People in Valdese are up in arms over a speech made at its Founders Day Festival by Archdale pastor Herman White. One of the "credible" witnesses claims "he heard White saying things like black people should still be slaves and that the races should not mix."
Since there's absolutely no chance that those things were actually said, what is motivating the false claims? Apparently, White's "racist remarks" were the fact that he criticized Abraham Lincoln and called the Gettysburg Address "political garbage." As libertarian commentator Britt Combs sees it, "The mere suggestion that federal power is anything less than divine marks the speaker irrefutably a racist."
Nail on the head. As another libertarian, Rand Paul, recently discovered, as soon as the feds discover that someone with a microphone is onto them, the klan-watchers come out and start discovering [planting?] white sheets in closets.

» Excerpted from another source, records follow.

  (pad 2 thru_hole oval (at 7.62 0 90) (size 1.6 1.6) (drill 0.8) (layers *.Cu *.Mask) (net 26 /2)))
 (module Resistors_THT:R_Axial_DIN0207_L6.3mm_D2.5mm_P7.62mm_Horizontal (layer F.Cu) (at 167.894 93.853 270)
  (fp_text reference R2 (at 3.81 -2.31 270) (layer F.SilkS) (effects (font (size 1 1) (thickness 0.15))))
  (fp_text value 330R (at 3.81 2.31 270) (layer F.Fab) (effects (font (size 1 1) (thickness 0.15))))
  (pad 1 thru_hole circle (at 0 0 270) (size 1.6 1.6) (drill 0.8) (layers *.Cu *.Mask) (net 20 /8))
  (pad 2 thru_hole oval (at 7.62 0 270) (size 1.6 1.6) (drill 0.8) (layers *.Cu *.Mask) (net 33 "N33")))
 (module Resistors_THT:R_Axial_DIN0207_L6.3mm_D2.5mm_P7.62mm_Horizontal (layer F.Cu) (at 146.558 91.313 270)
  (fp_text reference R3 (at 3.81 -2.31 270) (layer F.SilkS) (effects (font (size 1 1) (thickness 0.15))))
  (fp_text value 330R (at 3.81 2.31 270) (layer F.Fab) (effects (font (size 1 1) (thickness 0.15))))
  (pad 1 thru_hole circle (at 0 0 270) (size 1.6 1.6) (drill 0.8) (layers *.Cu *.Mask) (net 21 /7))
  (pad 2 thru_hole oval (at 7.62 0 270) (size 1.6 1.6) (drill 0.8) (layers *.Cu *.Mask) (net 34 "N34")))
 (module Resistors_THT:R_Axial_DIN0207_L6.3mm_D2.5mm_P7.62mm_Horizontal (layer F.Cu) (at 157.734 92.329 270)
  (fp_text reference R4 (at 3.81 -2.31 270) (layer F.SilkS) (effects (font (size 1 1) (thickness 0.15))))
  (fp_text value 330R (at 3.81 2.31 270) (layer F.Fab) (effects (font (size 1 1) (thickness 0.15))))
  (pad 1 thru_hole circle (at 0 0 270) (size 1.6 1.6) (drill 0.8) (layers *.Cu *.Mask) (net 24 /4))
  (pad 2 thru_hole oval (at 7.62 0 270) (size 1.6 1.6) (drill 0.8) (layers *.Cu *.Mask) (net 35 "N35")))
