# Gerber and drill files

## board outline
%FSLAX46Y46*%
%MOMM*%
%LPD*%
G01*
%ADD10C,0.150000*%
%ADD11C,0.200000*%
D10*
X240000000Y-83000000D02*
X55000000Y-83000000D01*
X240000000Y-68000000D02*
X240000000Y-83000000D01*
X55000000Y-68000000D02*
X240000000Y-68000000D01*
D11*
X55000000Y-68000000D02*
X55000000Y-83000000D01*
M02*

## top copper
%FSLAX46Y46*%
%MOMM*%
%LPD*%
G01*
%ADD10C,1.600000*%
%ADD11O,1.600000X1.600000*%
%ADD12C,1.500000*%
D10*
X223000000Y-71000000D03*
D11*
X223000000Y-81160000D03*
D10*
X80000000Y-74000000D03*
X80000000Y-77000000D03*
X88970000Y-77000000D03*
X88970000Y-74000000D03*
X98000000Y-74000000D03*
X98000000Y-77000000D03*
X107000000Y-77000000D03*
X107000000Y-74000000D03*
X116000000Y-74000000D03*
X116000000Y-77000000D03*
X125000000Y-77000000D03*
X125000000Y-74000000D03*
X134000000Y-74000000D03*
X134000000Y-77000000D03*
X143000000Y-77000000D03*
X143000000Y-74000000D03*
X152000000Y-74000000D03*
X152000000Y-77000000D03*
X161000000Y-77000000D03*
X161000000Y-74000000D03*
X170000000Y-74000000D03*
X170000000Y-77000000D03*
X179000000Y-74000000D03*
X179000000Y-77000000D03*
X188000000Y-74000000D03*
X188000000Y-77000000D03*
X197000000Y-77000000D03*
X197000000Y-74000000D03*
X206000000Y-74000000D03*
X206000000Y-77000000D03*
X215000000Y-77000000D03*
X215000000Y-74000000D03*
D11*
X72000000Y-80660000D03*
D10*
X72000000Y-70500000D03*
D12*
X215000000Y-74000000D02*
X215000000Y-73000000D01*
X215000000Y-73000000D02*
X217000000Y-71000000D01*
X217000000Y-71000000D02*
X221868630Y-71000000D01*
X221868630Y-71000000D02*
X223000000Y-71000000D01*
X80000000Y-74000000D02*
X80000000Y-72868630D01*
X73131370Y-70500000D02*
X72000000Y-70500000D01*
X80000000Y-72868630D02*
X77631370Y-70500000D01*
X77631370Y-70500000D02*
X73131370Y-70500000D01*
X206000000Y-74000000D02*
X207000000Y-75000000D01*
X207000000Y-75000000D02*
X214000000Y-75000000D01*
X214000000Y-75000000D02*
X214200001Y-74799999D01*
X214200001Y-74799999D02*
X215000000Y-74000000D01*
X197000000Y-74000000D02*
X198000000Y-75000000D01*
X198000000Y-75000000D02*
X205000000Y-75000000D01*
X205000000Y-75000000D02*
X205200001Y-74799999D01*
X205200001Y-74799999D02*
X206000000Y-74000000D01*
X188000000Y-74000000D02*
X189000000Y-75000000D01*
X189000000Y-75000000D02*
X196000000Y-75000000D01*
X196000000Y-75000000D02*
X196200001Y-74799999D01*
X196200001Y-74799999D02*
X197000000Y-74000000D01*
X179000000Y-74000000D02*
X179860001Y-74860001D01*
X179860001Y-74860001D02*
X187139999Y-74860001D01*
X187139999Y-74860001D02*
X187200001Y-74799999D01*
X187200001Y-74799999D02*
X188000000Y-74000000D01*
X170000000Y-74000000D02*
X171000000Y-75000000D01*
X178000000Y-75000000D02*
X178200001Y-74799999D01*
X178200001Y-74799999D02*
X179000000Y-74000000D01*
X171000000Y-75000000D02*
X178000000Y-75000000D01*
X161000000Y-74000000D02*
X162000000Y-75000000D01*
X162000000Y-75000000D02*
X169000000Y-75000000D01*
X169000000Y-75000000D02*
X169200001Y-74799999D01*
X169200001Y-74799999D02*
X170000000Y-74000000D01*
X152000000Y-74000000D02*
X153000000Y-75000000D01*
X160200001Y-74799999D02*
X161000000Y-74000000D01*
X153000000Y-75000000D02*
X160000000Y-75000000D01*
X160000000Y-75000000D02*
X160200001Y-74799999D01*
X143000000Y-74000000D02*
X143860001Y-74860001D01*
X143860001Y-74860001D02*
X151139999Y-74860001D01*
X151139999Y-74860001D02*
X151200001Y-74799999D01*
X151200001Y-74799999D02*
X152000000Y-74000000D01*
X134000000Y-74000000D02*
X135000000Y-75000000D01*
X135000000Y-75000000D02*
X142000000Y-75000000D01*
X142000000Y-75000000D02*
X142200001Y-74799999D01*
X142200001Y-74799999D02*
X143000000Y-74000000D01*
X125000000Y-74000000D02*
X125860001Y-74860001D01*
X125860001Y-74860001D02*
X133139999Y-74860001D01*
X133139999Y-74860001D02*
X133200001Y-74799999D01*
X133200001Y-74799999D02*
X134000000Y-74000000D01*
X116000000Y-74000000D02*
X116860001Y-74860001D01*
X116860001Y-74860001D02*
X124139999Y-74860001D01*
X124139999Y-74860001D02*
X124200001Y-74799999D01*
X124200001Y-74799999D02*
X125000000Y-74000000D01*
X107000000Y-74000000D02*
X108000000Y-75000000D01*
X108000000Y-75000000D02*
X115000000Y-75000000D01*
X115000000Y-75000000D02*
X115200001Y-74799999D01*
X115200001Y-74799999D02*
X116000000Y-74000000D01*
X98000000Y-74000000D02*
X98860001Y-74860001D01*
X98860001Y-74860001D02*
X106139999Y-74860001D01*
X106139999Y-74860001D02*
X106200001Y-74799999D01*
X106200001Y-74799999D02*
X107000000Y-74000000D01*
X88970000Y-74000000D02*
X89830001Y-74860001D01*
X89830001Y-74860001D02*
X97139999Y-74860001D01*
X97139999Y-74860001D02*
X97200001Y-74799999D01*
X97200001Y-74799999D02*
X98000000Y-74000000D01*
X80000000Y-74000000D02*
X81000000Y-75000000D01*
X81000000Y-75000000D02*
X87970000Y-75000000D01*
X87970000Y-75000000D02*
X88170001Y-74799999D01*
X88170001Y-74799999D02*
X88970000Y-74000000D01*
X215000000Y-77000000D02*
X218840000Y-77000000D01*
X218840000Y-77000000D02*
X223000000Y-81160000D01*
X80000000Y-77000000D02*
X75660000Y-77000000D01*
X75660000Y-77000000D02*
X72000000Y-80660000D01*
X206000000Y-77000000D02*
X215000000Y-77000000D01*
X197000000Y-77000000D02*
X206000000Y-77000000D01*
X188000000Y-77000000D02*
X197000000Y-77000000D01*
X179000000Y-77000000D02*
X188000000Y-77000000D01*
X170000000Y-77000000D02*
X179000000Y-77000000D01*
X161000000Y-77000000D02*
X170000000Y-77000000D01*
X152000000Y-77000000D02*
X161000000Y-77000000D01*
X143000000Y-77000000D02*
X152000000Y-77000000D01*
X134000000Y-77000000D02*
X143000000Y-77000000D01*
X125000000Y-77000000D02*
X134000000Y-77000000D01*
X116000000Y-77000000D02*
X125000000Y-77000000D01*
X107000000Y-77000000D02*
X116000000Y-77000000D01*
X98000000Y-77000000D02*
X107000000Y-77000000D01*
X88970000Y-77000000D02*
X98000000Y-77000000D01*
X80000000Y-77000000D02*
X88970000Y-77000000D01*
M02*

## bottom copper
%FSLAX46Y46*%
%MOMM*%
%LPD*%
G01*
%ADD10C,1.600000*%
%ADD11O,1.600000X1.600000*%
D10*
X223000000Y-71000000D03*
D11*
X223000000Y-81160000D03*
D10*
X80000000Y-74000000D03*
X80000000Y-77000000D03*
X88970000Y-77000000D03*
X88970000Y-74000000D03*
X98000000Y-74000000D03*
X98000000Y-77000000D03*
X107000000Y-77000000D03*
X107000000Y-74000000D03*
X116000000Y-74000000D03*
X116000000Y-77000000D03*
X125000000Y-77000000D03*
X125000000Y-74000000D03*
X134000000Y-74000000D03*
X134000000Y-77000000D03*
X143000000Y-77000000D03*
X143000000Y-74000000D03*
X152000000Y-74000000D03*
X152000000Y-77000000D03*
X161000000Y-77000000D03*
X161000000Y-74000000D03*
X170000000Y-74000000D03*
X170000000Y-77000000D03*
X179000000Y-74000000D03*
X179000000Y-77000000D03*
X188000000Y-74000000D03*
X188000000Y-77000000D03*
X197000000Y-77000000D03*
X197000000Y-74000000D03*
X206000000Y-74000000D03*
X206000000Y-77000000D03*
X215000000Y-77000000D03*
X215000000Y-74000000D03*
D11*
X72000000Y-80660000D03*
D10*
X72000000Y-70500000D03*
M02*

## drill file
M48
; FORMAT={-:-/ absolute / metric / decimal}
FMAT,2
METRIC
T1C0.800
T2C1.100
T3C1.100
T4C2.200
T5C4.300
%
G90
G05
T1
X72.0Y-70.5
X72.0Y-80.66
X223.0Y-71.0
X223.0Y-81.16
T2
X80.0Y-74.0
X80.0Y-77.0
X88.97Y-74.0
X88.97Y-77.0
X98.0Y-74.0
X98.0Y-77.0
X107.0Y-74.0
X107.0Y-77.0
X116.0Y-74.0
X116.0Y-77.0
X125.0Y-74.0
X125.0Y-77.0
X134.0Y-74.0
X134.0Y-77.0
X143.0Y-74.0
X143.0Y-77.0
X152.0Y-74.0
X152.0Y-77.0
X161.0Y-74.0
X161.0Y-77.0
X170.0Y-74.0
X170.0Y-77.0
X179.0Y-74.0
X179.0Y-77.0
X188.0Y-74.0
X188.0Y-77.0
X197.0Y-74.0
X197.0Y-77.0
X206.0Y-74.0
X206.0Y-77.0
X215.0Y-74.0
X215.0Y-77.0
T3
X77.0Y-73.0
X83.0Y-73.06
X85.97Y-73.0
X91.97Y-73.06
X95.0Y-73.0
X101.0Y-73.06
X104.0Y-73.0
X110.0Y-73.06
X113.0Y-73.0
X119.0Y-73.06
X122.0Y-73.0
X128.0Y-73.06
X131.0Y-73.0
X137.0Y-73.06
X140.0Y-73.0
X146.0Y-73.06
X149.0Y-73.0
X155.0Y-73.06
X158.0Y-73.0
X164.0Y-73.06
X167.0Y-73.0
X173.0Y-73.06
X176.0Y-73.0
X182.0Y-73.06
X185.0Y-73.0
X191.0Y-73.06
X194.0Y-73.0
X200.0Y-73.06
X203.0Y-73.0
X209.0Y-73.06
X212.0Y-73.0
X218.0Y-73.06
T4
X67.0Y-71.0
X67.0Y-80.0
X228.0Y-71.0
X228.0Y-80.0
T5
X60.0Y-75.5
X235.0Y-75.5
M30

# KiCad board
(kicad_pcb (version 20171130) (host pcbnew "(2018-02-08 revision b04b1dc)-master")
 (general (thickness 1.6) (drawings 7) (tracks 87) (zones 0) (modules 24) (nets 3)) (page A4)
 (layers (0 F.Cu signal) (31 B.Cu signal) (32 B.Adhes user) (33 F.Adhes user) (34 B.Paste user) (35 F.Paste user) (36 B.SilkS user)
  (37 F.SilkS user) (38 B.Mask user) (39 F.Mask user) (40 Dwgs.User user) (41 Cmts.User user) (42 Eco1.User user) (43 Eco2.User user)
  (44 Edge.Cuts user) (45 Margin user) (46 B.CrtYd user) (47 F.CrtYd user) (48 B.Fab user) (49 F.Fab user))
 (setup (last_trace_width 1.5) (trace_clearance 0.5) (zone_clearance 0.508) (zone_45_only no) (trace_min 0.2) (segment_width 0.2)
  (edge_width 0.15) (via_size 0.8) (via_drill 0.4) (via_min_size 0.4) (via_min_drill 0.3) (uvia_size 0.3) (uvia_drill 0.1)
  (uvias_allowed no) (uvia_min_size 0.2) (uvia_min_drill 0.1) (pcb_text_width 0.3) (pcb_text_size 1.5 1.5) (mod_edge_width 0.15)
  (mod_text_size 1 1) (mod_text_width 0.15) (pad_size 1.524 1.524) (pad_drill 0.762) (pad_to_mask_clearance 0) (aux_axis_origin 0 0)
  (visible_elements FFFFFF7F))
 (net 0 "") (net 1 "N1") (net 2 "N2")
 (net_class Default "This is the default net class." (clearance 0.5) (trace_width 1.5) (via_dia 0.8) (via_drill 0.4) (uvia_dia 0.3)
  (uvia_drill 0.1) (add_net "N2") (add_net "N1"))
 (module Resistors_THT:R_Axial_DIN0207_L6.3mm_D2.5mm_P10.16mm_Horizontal (layer F.Cu) (at 223 71 270)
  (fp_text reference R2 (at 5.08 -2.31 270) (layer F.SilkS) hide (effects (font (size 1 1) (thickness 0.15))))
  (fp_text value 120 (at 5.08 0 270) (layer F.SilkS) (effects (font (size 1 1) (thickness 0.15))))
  (pad 1 thru_hole circle (at 0 0 270) (size 1.6 1.6) (drill 0.8) (layers *.Cu *.Mask) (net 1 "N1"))
  (pad 2 thru_hole oval (at 10.16 0 270) (size 1.6 1.6) (drill 0.8) (layers *.Cu *.Mask) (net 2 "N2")))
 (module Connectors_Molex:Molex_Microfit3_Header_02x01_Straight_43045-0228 (layer F.Cu) (at 80 77)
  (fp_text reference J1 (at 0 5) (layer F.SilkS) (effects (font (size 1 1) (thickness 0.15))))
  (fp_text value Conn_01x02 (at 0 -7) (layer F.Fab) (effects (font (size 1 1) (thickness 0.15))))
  (pad "" np_thru_hole circle (at 3 -3.94) (size 1.1 1.1) (drill 1.1) (layers *.Cu *.Mask))
  (pad 2 thru_hole circle (at 0 -3) (size 1.6 1.6) (drill 1.1) (layers *.Cu *.Mask) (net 1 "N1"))
  (pad 1 thru_hole circle (at 0 0) (size 1.6 1.6) (drill 1.1) (layers *.Cu *.Mask) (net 2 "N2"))
  (pad "" np_thru_hole circle (at -3 -4) (size 1.1 1.1) (drill 1.1) (layers *.Cu *.Mask)))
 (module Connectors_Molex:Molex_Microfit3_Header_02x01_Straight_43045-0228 (layer F.Cu) (at 88.97 77)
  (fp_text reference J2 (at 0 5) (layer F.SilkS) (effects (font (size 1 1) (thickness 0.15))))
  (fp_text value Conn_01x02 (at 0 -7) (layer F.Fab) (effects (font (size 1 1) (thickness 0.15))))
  (pad "" np_thru_hole circle (at -3 -4) (size 1.1 1.1) (drill 1.1) (layers *.Cu *.Mask))
  (pad 1 thru_hole circle (at 0 0) (size 1.6 1.6) (drill 1.1) (layers *.Cu *.Mask) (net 2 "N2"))
  (pad 2 thru_hole circle (at 0 -3) (size 1.6 1.6) (drill 1.1) (layers *.Cu *.Mask) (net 1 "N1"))
  (pad "" np_thru_hole circle (at 3 -3.94) (size 1.1 1.1) (drill 1.1) (layers *.Cu *.Mask)))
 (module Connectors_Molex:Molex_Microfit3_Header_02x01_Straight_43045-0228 (layer F.Cu) (at 98 77)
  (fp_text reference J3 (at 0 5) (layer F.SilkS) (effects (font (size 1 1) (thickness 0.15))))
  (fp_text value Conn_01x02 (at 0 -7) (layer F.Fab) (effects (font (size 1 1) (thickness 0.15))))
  (pad "" np_thru_hole circle (at 3 -3.94) (size 1.1 1.1) (drill 1.1) (layers *.Cu *.Mask))
  (pad 2 thru_hole circle (at 0 -3) (size 1.6 1.6) (drill 1.1) (layers *.Cu *.Mask) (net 1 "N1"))
  (pad 1 thru_hole circle (at 0 0) (size 1.6 1.6) (drill 1.1) (layers *.Cu *.Mask) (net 2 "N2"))
  (pad "" np_thru_hole circle (at -3 -4) (size 1.1 1.1) (drill 1.1) (layers *.Cu *.Mask)))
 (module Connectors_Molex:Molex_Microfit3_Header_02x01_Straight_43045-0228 (layer F.Cu) (at 107 77)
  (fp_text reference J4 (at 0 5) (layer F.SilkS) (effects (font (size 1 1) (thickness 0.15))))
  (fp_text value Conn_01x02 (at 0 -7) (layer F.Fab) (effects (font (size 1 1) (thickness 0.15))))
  (pad "" np_thru_hole circle (at -3 -4) (size 1.1 1.1) (drill 1.1) (layers *.Cu *.Mask))
  (pad 1 thru_hole circle (at 0 0) (size 1.6 1.6) (drill 1.1) (layers *.Cu *.Mask) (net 2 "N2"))
  (pad 2 thru_hole circle (at 0 -3) (size 1.6 1.6) (drill 1.1) (layers *.Cu *.Mask) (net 1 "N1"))
  (pad "" np_thru_hole circle (at 3 -3.94) (size 1.1 1.1) (drill 1.1) (layers *.Cu *.Mask)))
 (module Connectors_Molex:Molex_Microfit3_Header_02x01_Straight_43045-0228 (layer F.Cu) (at 116 77)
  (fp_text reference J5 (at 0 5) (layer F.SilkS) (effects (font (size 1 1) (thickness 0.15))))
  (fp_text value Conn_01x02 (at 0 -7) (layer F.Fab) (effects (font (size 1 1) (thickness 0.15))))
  (pad "" np_thru_hole circle (at 3 -3.94) (size 1.1 1.1) (drill 1.1) (layers *.Cu *.Mask))
  (pad 2 thru_hole circle (at 0 -3) (size 1.6 1.6) (drill 1.1) (layers *.Cu *.Mask) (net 1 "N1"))
  (pad 1 thru_hole circle (at 0 0) (size 1.6 1.6) (drill 1.1) (layers *.Cu *.Mask) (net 2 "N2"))
  (pad "" np_thru_hole circle (at -3 -4) (size 1.1 1.1) (drill 1.1) (layers *.Cu *.Mask)))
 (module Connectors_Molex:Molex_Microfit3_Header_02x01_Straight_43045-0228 (layer F.Cu) (at 125 77)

Unfortunately, Combs takes his analysis one step farther:
What White, the SCV, the League of the South, the Southern Party and all the other pro-South groups miss is this: The Confederate government was evil too. ... If there is a future for freedom, if libertarians succeed in resisting the growth of Washington's empire, if Americans regain an interest in individual liberty, property rights, human rights and all that, it won't have anything to do with the C.S.A.
Evil? What exactly was "evil" about the closest thing this world has seen in the past 150 years to a true American constitutionalist government with respect for states rights? Of course, the answer is slavery, under which "priceless individuals were murdered and ruined." Murdered?
Like Paul, who was eventually convinced to denounce the South of the 1960s, Combs has fallen for the media manipulations and distortions about the South of the 1860s -- the same manipulators and distorters that rose up to attack Herman White last week.
Yes, the Confederacy wasn't perfect, and it's a good thing that slavery is gone. But it was hardly a unique institution to the Confederacy [a nation that only lasted about four years]. And equating the institution to murder is downright ignorant.
What Combs and other small-government types should understand immediately is this: The Confederacy is attacked, not because it promoted slavery, but because it promoted freedom. And that's the same reason White was attacked last week, and the same reason Paul was attacked the week before that. The same fate will meet Combs or anyone else who comes remotely close to helping "Americans regain an interest in individual liberty, property rights, human rights and all that." Anyone who doesn't have the stomach for it needs to get out of the fight right now.